X = data['cut_comment'] y = data.sentiment from sklearn.model_selection import train_test_split X_train, X_test, y_train, y_test = train_test_split(X, y, test_size=0.2, random_state=22)
Word Vector (Data Processing)
Computers can't recognize words, they can only recognize numbers. The simplest way to deal with the text is the word vector. What is a word vector? Let's illustrate it with a case study. Here's our text.
I love the dog I hate the dog
Word vector processing is like this:
Simply put, the word vector is that we arrange the words that appear in the whole text one by one, and then map each row of data to these columns. It appears as 1, and it does not appear as 0. In this way, the text data is converted into a 01 sparse matrix (which is also the reason for the Chinese word segmentation above, such a word is a column).
Fortunately, sklearn s directly have such a method for us to use. The parameters commonly used in CountVectorizer method are:
- max_df: Keywords (too trivial) that appear in documents that exceed this ratio are removed.
- min_df: Keywords (too unique) that appear in documents below this number are removed.
- token_pattern: Numbers and punctuation are removed mainly through regularization.
- Sto_words: Setting up a stop list, such words will not be counted out (mostly virtual words, articles, etc.). We need a list structure, so the code defines a function to handle the stop list.
from sklearn.feature_extraction.text import CountVectorizer def get_custom_stopwords(stop_words_file): with open(stop_words_file) as f: stopwords = f.read() stopwords_list = stopwords.split('\n') custom_stopwords_list = [i for i in stopwords_list] return custom_stopwords_list stop_words_file = 'Terminology of Hatou University of Technology.txt' stopwords = get_custom_stopwords(stop_words_file) vect = CountVectorizer(max_df = 0.8, min_df = 3, token_pattern=u'(?u)\\b[^\\d\\W]\\w+\\b', stop_words=frozenset(stopwords))
If you want to see what the bottom data is, you can see it through the following code.
test = pd.DataFrame(vect.fit_transform(X_train).toarray(), columns=vect.get_feature_names()) test.head()
The training model is very simple, using the naive Bayesian algorithm, the result is 0.899, much better than the previous snownlp.
from sklearn.naive_bayes import MultinomialNB nb = MultinomialNB() X_train_vect = vect.fit_transform(X_train) nb.fit(X_train_vect, y_train) train_score = nb.score(X_train_vect, y_train) print(train_score) # result 0.899375
Of course, we need test data to verify the accuracy, the result is 0.8275, the accuracy is still good.
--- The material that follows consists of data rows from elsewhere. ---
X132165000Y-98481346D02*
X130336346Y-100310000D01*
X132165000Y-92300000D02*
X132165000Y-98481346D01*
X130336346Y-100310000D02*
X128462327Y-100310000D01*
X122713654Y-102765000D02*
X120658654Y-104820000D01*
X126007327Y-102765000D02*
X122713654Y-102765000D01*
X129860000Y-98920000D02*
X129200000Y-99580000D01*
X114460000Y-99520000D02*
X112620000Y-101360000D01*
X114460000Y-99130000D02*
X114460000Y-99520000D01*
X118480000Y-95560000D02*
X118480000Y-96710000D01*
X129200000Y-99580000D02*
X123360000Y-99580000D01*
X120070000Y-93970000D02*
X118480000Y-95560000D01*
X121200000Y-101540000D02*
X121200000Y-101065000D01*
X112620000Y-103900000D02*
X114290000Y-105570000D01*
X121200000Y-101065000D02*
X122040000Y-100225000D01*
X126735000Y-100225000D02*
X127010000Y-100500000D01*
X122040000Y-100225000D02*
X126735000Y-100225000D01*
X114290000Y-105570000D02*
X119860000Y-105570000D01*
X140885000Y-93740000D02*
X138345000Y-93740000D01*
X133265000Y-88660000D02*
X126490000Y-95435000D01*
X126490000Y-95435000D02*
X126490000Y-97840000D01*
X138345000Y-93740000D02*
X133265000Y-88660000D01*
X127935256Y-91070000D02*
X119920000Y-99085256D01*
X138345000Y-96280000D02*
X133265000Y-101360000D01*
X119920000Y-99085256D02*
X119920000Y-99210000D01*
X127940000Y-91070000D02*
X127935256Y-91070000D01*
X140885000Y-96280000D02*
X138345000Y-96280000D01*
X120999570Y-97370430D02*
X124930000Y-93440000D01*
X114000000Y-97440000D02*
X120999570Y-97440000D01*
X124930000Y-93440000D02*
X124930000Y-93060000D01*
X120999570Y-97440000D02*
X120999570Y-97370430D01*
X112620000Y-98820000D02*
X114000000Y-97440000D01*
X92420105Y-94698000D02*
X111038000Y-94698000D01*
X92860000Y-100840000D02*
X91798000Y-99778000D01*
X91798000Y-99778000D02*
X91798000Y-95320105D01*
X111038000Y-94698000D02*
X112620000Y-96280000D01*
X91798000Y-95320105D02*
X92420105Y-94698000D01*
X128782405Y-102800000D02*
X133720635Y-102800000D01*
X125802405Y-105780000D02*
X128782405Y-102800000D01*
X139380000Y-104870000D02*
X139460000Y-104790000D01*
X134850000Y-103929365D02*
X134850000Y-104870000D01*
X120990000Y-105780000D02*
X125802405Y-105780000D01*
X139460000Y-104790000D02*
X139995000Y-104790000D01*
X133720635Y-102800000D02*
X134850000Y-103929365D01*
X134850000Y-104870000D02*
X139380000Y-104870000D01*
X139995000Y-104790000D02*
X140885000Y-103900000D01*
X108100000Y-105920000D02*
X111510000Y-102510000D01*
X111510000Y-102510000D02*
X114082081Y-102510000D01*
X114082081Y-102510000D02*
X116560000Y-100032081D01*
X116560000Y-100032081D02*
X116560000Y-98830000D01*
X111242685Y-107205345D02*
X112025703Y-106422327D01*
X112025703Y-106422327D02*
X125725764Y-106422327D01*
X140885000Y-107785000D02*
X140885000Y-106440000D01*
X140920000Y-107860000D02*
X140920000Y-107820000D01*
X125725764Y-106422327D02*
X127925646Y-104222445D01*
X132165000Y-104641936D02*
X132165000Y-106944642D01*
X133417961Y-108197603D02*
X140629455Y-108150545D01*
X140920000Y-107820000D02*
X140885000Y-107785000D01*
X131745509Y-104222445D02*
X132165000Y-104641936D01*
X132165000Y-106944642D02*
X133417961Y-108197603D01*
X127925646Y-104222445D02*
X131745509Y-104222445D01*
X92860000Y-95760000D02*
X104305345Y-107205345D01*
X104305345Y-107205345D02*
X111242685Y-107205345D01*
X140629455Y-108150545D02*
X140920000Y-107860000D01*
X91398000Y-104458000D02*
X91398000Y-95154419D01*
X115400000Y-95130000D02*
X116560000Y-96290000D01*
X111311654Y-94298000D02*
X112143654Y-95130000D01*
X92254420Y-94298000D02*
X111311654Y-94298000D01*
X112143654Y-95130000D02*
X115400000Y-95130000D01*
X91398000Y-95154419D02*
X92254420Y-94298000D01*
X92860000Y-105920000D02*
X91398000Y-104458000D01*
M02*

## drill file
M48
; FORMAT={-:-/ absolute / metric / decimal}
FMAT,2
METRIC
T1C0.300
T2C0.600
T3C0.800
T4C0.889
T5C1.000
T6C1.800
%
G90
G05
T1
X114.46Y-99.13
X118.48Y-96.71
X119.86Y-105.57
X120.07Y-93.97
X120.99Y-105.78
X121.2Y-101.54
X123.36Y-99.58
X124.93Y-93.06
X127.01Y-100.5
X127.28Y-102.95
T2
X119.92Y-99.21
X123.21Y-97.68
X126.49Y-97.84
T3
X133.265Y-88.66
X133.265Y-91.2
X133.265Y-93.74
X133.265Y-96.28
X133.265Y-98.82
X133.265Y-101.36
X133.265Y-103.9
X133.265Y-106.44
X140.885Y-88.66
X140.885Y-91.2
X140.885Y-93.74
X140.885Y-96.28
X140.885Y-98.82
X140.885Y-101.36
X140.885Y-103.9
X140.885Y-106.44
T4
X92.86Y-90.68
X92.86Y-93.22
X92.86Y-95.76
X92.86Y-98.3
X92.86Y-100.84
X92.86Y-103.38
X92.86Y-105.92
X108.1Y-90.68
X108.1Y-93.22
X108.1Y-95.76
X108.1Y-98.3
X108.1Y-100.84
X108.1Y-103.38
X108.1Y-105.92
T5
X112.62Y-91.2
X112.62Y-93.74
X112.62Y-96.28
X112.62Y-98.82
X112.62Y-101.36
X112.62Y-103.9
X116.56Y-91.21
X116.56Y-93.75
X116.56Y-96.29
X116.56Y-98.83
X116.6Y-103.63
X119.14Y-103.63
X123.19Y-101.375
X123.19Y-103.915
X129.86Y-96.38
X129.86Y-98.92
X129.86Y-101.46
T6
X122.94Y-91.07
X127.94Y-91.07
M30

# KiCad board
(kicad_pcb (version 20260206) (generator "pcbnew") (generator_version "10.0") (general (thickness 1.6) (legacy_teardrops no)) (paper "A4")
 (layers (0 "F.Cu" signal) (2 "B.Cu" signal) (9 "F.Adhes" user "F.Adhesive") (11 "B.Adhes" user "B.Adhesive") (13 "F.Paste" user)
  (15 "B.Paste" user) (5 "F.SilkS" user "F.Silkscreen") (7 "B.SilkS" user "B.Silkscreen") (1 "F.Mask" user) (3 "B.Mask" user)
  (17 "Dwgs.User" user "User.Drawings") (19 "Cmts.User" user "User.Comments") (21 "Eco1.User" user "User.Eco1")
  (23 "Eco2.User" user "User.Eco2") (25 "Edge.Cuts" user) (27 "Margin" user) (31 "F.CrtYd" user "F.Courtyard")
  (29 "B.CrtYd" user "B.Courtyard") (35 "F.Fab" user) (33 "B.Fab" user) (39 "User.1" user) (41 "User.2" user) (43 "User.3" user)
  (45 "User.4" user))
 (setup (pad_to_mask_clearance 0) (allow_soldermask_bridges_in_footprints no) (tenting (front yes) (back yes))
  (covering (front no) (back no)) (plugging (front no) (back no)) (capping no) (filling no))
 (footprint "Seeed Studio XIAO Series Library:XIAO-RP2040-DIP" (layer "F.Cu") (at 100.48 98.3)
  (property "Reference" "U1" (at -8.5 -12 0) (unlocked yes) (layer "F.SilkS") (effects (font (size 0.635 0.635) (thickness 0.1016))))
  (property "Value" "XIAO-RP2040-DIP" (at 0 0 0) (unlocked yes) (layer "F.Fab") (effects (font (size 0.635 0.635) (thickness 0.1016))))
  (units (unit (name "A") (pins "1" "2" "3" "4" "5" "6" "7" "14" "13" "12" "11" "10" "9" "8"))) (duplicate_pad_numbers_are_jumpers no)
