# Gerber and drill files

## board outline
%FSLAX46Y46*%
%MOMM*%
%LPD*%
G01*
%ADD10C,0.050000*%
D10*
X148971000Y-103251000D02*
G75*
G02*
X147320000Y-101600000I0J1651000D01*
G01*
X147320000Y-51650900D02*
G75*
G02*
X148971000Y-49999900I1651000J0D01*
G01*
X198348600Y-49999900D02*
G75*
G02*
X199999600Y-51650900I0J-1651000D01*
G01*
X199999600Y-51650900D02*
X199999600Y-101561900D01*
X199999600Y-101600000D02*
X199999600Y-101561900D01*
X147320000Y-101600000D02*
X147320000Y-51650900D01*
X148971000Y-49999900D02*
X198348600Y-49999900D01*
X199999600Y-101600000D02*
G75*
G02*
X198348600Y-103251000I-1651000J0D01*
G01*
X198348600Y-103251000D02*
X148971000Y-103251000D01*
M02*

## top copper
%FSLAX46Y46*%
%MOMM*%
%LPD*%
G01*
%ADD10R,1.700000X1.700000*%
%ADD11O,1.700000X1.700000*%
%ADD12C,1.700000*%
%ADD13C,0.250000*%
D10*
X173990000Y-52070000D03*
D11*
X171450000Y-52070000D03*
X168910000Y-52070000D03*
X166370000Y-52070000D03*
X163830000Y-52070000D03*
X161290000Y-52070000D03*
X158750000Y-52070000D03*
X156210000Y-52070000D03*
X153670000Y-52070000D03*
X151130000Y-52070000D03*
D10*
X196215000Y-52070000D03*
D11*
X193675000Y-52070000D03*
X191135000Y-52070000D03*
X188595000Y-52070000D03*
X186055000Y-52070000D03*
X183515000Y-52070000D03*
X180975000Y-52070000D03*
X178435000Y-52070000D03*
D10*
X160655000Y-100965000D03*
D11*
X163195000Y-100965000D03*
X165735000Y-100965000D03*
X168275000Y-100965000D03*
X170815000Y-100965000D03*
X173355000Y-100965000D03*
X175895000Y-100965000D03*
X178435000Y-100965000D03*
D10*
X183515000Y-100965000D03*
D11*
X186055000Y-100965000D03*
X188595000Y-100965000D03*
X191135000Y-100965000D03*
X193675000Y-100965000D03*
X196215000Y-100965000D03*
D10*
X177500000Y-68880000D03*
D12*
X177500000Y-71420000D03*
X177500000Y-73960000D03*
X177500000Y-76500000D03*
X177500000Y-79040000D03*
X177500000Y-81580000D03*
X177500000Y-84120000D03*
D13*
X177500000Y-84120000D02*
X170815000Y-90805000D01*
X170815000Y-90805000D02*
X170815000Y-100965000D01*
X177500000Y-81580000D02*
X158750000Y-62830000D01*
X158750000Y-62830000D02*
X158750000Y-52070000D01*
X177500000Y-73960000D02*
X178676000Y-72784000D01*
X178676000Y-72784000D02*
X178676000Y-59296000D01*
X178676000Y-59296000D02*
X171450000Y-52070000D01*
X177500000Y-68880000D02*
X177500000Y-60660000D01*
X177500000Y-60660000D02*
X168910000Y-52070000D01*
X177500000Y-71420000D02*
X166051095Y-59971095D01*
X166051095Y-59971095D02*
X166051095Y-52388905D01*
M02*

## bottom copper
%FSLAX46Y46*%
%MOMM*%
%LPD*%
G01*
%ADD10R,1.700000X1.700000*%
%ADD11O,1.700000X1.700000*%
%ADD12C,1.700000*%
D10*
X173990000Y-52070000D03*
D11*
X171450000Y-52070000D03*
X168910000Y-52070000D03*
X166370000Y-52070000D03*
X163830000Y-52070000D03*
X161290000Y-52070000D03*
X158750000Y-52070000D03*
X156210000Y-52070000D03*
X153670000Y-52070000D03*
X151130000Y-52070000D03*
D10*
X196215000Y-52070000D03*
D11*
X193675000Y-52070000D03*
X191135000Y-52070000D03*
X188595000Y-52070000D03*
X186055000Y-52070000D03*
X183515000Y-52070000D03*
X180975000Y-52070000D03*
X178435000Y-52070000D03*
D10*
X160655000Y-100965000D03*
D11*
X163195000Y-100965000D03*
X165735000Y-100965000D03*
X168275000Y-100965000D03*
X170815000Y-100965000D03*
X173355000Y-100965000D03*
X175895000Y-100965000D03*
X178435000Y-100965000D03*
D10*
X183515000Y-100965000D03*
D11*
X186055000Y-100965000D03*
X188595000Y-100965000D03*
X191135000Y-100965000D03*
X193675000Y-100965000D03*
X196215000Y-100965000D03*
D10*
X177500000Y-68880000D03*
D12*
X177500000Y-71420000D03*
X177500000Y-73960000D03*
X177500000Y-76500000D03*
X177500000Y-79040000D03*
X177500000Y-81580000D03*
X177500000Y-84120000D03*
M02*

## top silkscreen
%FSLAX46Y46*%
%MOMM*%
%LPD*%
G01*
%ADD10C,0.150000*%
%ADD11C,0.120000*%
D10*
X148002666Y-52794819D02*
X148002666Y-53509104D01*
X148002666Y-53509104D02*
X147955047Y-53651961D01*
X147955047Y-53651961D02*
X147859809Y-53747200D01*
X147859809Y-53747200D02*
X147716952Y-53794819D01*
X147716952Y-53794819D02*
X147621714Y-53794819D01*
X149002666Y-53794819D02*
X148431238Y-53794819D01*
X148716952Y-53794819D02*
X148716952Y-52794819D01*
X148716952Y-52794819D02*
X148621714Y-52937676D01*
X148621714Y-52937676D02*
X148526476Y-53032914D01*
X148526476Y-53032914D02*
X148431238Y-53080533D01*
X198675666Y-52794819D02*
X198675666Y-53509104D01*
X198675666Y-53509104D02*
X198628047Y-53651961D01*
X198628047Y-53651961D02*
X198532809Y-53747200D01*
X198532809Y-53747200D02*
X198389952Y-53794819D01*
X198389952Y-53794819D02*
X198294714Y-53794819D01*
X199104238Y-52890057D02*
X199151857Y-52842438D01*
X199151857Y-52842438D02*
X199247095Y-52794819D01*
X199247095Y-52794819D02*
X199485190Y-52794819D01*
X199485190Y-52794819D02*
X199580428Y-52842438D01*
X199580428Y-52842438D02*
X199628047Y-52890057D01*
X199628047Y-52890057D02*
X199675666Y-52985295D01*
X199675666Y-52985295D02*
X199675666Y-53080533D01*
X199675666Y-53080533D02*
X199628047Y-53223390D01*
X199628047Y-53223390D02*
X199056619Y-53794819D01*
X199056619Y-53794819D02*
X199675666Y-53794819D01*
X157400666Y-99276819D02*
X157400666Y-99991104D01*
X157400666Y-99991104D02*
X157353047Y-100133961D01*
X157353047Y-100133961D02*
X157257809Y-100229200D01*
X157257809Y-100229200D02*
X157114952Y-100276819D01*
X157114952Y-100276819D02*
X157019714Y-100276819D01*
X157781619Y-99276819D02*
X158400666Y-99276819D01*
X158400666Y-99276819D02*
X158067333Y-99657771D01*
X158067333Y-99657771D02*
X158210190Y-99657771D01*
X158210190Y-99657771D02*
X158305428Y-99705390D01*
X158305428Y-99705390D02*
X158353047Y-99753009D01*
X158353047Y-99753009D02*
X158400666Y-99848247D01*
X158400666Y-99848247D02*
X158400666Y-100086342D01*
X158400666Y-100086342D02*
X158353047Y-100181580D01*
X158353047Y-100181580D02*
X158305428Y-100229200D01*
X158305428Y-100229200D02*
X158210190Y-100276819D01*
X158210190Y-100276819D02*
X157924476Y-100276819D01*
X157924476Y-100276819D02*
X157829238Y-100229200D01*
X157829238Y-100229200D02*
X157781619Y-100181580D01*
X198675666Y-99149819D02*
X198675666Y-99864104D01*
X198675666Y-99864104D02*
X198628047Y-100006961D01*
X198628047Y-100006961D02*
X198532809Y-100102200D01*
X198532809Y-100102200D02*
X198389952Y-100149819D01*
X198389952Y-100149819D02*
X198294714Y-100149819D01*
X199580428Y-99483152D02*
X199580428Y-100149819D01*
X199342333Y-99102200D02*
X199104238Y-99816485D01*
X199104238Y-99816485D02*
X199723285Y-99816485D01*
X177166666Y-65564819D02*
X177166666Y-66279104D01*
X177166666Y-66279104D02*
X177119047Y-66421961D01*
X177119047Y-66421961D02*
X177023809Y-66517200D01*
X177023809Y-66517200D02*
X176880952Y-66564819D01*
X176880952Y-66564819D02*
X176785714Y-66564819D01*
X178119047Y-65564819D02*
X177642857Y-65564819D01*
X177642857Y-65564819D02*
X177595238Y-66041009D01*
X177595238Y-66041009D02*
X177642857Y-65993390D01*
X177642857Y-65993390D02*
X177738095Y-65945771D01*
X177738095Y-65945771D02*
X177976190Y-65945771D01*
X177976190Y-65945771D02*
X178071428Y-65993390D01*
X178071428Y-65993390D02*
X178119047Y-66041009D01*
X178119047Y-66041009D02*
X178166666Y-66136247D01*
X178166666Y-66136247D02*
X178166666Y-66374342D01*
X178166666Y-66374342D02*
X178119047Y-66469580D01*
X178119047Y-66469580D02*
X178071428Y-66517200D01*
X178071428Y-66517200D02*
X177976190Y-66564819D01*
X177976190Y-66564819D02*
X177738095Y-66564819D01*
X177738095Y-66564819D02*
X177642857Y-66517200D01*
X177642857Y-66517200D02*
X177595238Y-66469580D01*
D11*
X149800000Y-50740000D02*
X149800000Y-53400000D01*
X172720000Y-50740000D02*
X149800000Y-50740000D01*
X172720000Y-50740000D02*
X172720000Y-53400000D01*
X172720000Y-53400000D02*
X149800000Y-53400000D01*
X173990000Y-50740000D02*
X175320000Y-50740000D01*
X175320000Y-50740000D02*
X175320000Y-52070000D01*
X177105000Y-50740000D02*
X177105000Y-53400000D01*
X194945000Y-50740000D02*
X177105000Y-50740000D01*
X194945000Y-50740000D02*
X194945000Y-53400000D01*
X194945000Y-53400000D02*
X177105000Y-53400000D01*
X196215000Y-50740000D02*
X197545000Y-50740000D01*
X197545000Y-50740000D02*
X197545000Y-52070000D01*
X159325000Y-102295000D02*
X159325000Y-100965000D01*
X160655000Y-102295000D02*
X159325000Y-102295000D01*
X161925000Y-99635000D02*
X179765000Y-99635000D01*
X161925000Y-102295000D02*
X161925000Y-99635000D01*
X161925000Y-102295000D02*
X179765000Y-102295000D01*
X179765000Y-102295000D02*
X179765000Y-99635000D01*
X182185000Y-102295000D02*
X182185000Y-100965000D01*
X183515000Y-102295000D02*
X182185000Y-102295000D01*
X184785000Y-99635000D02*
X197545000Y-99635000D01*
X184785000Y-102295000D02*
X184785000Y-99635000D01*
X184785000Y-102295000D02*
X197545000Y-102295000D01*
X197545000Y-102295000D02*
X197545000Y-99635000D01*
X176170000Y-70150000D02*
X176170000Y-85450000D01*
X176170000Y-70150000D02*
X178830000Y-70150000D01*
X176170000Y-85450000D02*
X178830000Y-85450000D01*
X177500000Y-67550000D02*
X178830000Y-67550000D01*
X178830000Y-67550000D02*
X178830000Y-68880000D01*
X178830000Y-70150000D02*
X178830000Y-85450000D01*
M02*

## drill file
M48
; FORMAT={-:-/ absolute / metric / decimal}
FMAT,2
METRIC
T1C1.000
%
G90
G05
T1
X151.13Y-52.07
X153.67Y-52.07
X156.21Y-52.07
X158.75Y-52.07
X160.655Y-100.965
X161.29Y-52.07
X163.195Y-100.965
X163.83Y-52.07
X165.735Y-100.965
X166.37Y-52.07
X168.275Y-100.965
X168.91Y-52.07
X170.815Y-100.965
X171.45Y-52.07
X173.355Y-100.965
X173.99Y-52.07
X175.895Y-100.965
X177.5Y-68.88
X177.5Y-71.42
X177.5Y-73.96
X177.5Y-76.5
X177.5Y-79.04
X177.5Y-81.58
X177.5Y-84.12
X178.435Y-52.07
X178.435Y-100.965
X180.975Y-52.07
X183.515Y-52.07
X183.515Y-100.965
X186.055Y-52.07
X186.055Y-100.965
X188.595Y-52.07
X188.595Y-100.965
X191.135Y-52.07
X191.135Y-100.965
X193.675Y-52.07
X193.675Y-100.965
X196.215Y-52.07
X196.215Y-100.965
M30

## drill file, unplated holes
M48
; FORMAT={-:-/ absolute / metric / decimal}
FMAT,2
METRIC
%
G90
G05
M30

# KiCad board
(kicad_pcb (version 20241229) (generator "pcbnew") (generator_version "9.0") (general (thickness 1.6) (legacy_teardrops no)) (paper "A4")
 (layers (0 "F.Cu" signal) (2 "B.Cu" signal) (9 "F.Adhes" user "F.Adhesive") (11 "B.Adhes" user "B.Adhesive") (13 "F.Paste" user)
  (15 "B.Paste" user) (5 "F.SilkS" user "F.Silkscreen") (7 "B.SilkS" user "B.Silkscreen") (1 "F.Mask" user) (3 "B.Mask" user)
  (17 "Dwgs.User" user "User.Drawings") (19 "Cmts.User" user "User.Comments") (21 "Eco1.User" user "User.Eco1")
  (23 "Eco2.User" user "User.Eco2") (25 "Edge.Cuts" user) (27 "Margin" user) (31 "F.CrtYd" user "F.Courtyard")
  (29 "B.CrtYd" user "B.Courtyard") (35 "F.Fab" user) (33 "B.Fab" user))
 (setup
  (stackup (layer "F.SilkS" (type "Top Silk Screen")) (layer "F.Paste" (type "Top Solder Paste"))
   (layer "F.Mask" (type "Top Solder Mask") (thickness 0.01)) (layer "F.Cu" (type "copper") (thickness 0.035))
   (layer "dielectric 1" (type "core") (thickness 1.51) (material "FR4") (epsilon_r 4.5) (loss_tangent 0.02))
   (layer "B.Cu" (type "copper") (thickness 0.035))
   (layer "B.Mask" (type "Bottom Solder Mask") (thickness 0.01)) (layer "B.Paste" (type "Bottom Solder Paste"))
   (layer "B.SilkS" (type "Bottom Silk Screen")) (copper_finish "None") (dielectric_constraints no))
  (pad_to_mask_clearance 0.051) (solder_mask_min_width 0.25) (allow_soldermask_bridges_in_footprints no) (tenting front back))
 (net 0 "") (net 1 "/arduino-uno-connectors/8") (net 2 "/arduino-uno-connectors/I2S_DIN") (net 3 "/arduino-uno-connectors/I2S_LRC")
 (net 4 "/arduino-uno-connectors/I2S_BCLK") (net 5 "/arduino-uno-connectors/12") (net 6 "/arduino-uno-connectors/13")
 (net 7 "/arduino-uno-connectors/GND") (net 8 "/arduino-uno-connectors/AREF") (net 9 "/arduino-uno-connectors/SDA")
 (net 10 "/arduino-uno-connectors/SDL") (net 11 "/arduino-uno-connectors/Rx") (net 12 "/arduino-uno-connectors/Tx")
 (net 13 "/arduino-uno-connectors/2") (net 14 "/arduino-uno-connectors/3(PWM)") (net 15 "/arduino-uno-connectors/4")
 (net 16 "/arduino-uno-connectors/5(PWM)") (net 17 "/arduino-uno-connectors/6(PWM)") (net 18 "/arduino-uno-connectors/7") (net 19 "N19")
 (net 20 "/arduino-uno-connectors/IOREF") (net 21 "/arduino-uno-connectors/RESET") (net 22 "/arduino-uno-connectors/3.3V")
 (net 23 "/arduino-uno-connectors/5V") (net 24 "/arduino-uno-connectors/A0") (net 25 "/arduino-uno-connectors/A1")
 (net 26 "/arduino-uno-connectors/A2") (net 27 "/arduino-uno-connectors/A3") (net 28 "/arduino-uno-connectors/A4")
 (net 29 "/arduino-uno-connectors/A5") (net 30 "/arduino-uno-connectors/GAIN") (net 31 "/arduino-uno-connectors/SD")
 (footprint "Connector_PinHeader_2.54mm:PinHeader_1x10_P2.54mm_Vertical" (layer "F.Cu") (at 173.99 52.07 -90)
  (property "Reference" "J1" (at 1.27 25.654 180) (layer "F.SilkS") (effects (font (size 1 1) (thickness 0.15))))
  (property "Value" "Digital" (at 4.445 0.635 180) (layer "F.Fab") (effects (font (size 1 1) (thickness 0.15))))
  (fp_line (start -1.33 24.19) (end 1.33 24.19) (stroke (width 0.12) (type solid)) (layer "F.SilkS"))
  (fp_line (start -1.33 1.27) (end -1.33 24.19) (stroke (width 0.12) (type solid)) (layer "F.SilkS"))
  (fp_line (start -1.33 1.27) (end 1.33 1.27) (stroke (width 0.12) (type solid)) (layer "F.SilkS"))
  (fp_line (start 1.33 1.27) (end 1.33 24.19) (stroke (width 0.12) (type solid)) (layer "F.SilkS"))
  (fp_line (start -1.33 0) (end -1.33 -1.33) (stroke (width 0.12) (type solid)) (layer "F.SilkS"))
  (fp_line (start -1.33 -1.33) (end 0 -1.33) (stroke (width 0.12) (type solid)) (layer "F.SilkS"))
  (pad "1" thru_hole rect (at 0 0 270) (size 1.7 1.7) (drill 1) (layers "*.Cu" "*.Mask") (remove_unused_layers no)
   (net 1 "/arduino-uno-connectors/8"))
  (pad "2" thru_hole oval (at 0 2.54 270) (size 1.7 1.7) (drill 1) (layers "*.Cu" "*.Mask") (remove_unused_layers no)
   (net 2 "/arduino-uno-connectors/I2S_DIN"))
  (pad "3" thru_hole oval (at 0 5.08 270) (size 1.7 1.7) (drill 1) (layers "*.Cu" "*.Mask") (remove_unused_layers no)
   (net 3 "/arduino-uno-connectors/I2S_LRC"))
  (pad "4" thru_hole oval (at 0 7.62 270) (size 1.7 1.7) (drill 1) (layers "*.Cu" "*.Mask") (remove_unused_layers no)
   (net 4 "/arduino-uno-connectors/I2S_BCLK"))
X_test_vect = vect.transform(X_test) print(nb.score(X_test_vect, y_test)) # result 0.8275
Of course, we can also put the results into data data data:
X_vec = vect.transform(X) nb_result = nb.predict(X_vec) data['nb_result'] = nb_result
Discussions and shortcomings
- Less sample size
- The model does not adjust parameters
- No cross validation
Code download: https://github.com/panluoluo/crawler-analysis Download the complete data and code.
Message punching: Tell me about the comments. The public responded back-stage, joined the card learning group, and worked together in 2019.